The field of statistics has a deep connection to computer/information science though it may not be immediately obvious.

Saying: "statistics means nothing to a rock". Unlike data (every particle in the universe), coded information requires an intelligent "point of view".

The entire field of statistics is the concept of known and unknown information by an observer and determining a "best guess" at what the state of the actual information of interest.

▶

1 Heads

2 Tails

3 Edge

4 Bottom

To determine the probability that an event happens, one needs to know the sample space - all possible outcomes.

The obvious outcomes are "heads" and "tails".
Before the flip, the outcome is not known, represented by "bottom" or "⊥".
Some events are so rare, such as "edge", that in case of that event, it is done over.
Some events may be ignored, such as losing the coin, as it is done over.

The probability of a flip of a coin requires (information) knowledge of the point of view.

A coin is flipped.

What are the possible outcomes?
What is the probability of each outcome?

We will ignore the possibility of the coin landing on edge. The "bottom" value "⊥" is the state where the result is not yet known.

A fair coin is a coin for which the probability of heads and tails is each 0.5.
A biased coin is a coin for which the probability of heads and tails are not each 0.5.

There is no issue with deciding an issue using a coin flip if the coin is fair.

But what if the coin is not fair

Suppose that two individuals want to use a coin flip to settle a dispute, but neither person trusts the other.

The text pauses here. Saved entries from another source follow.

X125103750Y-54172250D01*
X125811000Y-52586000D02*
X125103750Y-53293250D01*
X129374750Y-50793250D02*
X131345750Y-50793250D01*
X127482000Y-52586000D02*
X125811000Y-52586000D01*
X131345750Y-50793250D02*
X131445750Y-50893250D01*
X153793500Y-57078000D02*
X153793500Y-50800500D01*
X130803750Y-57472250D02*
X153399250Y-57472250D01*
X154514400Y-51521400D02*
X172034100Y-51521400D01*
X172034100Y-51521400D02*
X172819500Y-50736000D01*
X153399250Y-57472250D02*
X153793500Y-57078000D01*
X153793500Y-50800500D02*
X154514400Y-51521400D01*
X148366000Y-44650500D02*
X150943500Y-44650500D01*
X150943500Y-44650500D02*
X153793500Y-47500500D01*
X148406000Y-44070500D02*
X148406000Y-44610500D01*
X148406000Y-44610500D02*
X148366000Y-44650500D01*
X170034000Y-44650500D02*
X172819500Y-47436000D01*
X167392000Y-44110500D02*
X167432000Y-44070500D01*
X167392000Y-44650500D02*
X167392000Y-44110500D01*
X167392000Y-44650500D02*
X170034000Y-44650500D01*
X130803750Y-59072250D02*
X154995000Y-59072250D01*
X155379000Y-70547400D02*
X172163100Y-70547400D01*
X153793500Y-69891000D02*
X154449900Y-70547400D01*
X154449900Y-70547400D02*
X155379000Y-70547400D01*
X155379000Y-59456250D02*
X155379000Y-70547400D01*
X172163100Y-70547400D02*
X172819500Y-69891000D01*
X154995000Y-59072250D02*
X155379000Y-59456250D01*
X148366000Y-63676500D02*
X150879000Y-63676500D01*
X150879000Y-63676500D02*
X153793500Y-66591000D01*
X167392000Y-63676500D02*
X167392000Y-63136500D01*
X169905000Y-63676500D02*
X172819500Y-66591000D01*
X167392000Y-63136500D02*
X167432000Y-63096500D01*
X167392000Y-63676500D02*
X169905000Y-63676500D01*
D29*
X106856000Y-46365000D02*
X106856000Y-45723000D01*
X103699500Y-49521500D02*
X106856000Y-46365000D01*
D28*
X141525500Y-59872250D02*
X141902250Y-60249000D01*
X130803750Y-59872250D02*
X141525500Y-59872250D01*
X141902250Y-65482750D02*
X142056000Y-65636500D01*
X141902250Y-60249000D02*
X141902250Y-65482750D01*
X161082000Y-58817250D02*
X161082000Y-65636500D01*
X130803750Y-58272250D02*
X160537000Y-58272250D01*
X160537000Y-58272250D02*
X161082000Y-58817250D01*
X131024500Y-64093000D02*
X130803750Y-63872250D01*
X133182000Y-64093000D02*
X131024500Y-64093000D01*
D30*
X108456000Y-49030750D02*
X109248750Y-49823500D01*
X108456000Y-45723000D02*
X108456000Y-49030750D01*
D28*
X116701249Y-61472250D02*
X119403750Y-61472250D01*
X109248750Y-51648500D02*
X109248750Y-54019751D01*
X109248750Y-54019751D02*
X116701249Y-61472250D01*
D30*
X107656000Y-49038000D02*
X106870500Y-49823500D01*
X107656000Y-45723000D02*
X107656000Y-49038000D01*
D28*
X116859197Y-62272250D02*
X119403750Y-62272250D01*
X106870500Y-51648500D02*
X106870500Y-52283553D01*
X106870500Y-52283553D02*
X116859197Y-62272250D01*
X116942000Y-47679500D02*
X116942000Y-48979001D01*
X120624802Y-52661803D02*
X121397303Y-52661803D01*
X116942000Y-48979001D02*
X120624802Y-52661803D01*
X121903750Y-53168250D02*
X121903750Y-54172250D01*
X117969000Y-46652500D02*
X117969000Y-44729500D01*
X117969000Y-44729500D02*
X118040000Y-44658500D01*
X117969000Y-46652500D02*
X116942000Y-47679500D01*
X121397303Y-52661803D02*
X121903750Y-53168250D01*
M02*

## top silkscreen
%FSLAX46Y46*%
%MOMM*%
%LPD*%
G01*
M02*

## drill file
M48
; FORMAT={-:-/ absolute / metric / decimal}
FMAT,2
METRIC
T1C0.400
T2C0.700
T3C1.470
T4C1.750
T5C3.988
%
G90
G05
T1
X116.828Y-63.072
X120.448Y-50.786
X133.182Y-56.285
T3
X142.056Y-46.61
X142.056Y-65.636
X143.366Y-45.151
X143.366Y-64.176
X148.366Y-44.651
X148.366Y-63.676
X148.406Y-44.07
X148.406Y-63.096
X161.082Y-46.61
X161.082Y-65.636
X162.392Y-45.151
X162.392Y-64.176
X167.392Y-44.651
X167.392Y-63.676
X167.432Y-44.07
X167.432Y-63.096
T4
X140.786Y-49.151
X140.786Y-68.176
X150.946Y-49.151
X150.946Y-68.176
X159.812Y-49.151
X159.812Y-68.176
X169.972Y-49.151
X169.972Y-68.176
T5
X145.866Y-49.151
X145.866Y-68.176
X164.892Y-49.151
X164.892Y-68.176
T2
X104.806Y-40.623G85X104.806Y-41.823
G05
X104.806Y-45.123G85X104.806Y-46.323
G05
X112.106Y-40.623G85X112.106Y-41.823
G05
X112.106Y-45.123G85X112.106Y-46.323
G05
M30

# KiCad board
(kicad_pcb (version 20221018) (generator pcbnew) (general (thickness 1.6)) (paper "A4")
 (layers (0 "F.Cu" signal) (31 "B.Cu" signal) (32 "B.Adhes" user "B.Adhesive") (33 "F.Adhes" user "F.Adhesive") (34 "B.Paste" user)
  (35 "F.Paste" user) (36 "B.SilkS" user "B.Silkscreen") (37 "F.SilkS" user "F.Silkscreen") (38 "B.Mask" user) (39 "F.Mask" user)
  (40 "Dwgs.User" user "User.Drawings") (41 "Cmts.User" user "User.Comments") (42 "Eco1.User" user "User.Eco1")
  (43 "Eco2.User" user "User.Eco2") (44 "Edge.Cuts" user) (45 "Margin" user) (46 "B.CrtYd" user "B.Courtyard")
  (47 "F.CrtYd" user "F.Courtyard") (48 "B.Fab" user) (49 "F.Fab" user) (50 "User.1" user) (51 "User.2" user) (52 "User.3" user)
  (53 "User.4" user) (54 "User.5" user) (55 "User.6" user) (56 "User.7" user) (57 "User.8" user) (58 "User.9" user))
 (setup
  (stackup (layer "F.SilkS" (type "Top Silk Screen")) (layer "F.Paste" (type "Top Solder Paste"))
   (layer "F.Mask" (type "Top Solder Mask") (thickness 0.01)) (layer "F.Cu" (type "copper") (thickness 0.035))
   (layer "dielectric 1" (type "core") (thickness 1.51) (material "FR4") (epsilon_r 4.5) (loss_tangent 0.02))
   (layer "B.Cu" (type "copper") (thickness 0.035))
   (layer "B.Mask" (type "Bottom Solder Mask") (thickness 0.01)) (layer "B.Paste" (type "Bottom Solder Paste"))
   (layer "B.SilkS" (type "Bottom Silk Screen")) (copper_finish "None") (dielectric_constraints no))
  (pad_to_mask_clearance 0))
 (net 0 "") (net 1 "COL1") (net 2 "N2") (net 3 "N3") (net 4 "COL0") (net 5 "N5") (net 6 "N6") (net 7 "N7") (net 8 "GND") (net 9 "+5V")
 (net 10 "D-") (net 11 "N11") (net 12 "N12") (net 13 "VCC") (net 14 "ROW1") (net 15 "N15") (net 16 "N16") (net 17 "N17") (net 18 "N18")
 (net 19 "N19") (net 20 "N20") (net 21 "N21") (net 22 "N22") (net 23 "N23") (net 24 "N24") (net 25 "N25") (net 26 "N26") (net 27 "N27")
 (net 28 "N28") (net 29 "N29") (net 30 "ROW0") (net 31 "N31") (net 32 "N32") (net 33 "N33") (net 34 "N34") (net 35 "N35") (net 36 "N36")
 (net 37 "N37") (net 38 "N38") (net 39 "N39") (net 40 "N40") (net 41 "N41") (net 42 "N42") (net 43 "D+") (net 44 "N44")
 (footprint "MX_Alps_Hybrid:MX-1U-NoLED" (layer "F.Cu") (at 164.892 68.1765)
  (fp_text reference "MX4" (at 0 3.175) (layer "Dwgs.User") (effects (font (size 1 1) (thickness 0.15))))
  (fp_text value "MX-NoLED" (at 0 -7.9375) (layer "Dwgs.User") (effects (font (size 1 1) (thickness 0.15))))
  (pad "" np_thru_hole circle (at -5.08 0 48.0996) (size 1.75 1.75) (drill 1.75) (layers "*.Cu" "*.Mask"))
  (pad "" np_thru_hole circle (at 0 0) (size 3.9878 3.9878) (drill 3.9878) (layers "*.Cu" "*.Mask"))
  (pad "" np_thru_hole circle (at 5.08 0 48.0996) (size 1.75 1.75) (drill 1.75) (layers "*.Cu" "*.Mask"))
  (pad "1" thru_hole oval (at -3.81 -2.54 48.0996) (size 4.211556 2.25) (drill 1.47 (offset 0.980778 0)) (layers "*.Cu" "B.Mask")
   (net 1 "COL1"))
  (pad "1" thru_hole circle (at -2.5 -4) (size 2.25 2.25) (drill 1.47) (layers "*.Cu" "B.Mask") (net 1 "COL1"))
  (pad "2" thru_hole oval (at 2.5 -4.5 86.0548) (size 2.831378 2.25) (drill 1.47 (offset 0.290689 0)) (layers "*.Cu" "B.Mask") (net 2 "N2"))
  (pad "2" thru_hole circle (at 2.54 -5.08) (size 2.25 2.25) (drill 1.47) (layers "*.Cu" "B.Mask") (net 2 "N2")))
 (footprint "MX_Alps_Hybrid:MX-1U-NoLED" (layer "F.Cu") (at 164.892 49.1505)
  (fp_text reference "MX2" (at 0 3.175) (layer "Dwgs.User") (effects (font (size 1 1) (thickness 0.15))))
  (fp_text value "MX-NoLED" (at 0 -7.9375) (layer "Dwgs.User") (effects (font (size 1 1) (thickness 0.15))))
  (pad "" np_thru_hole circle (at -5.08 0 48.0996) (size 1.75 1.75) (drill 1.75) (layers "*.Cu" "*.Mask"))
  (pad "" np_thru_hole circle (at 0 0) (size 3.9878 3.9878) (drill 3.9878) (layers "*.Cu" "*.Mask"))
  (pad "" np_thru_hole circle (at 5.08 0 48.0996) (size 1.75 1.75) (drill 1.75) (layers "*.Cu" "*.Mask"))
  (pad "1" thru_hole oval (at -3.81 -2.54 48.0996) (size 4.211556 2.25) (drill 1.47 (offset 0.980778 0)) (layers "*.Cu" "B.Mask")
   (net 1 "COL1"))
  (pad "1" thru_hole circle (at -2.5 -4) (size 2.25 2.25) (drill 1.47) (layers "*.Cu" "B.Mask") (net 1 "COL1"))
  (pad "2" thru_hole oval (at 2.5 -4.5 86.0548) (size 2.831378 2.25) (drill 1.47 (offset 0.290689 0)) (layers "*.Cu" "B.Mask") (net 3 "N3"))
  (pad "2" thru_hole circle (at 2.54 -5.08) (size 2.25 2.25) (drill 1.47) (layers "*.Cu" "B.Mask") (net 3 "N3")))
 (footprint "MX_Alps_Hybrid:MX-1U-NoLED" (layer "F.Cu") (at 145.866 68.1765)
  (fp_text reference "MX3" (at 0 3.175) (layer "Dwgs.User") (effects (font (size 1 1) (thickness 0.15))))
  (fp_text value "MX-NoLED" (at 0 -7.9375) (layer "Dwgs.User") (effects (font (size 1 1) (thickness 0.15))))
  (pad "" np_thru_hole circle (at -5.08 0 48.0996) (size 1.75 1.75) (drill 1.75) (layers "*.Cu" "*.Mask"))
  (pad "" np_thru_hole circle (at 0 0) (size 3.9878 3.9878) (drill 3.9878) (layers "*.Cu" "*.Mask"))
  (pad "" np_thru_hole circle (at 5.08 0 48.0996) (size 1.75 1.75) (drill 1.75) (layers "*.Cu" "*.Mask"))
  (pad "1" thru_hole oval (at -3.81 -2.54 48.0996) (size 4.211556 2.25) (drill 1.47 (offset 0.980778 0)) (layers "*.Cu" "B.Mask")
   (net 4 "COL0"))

How would you use a (possibly biased) coin to perform the coin flip so that neither individual has an advantage?

John Von Neumann provided in interesting solution to this problem.

A clever solution to the problem of how to decide coin flips in the presence of possibly biased coins is due to John von Neumann (mathematician, computer scientist, etc.) , famous mathematician, statistician, operations researcher, computer scientist (traditional microprocessors are called Von Neumann machines), etc.

More: John von Neumann

Suppose you have a biased coin that has

Prob(heads) = 0.4, and
Prob(tails) = 0.6.

Here is the method.

Two flips will be done.

How many possibilities are there?

There are 2*2 = 4 possibilities.

HH = Heads Heads (TP = True Positive) HT = Heads Tails (FP = False Positive) TH = Tails Heads (FN = False Negative) TT = Tails Tails (TN = True Negative)

What is the EV (Expected Value) of each of the four cases?

Here is the EV of each possibility.

EV(HH) = 0.4*0.4 = 0.16 EV(HT) = 0.4*0.6 = 0.24 EV(TH) = 0.6*0.4 = 0.24 EV(TT ) = 0.6*0.6 = 0.36

The two people decide who will have Heads-Tails and who will have Tails-Heads.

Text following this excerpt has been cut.